— What is required —
In the entries that follow, the first line to write out is the one containing "(segment (start 44.0055 61.2292)", and the last is the one containing "(segment (start 120.6389 85.4184)". Reproduce that stretch exactly, with nothing before or after it.

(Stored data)
************
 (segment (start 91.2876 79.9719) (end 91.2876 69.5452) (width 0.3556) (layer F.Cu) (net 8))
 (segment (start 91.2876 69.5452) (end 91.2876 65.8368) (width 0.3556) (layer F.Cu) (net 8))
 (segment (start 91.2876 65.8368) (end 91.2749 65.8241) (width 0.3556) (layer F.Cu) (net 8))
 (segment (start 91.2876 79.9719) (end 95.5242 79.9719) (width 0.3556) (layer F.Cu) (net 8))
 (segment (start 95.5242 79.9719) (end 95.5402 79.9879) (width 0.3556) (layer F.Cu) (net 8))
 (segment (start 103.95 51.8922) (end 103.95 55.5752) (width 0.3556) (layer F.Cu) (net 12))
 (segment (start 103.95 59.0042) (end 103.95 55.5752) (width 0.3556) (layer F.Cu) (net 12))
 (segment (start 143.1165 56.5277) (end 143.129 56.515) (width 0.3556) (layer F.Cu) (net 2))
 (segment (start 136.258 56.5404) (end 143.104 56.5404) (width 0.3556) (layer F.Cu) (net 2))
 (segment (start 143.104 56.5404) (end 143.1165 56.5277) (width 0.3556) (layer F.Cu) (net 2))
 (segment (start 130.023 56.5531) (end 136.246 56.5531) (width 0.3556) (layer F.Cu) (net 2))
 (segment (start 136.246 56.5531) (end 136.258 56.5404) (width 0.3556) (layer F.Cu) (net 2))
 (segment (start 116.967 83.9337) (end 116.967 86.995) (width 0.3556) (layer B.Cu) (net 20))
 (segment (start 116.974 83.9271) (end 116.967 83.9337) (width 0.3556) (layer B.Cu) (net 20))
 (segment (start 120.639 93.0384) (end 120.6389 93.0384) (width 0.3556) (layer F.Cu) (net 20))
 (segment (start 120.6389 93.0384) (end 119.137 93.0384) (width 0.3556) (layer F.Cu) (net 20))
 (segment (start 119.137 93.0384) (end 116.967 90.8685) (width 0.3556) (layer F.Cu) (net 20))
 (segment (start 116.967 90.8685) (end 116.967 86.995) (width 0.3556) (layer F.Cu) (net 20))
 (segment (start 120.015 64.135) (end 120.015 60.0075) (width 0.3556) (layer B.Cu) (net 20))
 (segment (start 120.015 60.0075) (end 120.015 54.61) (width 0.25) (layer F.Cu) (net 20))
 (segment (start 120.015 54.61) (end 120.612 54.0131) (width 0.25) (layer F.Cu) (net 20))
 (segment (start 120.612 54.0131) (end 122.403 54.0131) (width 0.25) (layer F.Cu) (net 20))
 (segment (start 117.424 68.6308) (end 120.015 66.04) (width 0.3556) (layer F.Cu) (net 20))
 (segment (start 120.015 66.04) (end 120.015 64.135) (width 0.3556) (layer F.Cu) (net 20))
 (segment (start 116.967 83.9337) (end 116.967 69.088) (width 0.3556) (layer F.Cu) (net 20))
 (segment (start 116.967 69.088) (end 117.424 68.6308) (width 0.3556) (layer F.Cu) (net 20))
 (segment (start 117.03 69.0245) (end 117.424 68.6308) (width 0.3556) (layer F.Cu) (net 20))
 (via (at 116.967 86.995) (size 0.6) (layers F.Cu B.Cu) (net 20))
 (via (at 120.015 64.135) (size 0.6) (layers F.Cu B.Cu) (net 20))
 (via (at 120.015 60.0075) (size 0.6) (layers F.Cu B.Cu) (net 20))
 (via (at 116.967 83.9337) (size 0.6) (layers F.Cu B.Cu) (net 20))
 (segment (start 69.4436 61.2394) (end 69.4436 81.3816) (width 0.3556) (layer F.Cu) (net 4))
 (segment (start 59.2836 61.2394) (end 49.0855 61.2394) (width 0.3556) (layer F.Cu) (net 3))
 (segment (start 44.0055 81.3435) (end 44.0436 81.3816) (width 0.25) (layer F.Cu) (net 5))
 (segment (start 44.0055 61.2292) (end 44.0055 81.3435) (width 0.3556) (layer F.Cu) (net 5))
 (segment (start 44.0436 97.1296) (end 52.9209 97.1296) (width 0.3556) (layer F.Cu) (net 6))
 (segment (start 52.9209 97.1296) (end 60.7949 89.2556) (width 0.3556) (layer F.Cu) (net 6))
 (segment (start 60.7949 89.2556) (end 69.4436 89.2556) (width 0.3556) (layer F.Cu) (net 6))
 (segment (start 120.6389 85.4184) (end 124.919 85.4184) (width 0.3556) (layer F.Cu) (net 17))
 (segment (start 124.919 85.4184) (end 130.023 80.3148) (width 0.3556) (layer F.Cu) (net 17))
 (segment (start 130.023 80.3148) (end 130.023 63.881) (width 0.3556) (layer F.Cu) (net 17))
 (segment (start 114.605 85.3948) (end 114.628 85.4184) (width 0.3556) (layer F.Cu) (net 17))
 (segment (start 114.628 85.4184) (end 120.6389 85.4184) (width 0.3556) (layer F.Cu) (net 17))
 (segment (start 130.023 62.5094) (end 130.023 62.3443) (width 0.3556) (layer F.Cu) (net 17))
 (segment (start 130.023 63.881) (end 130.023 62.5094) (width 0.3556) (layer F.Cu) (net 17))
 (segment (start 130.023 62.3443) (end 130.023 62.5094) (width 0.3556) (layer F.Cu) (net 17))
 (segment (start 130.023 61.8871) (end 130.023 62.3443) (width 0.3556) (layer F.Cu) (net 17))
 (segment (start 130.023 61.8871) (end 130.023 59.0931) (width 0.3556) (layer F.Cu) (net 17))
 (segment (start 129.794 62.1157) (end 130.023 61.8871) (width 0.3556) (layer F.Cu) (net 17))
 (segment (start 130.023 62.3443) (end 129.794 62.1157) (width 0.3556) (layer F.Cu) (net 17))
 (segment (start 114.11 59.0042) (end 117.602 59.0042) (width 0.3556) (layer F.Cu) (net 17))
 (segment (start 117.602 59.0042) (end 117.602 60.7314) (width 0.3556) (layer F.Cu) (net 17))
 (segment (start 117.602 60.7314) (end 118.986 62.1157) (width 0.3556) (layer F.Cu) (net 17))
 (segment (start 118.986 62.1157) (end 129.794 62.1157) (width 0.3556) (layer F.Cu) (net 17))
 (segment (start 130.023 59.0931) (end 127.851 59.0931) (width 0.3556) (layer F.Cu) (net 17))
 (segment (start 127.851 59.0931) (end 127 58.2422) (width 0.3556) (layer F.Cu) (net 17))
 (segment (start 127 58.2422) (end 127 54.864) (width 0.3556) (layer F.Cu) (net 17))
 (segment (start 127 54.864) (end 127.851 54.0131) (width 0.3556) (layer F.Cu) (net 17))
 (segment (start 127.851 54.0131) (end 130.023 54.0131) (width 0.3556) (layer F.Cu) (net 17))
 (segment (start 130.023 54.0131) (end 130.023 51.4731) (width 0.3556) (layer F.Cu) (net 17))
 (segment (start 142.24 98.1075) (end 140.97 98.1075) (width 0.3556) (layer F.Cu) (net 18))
************
— Answer to this task —
 (segment (start 44.0055 61.2292) (end 44.0055 81.3435) (width 0.3556) (layer F.Cu) (net 5))
 (segment (start 44.0436 97.1296) (end 52.9209 97.1296) (width 0.3556) (layer F.Cu) (net 6))
 (segment (start 52.9209 97.1296) (end 60.7949 89.2556) (width 0.3556) (layer F.Cu) (net 6))
 (segment (start 60.7949 89.2556) (end 69.4436 89.2556) (width 0.3556) (layer F.Cu) (net 6))
 (segment (start 120.6389 85.4184) (end 124.919 85.4184) (width 0.3556) (layer F.Cu) (net 17))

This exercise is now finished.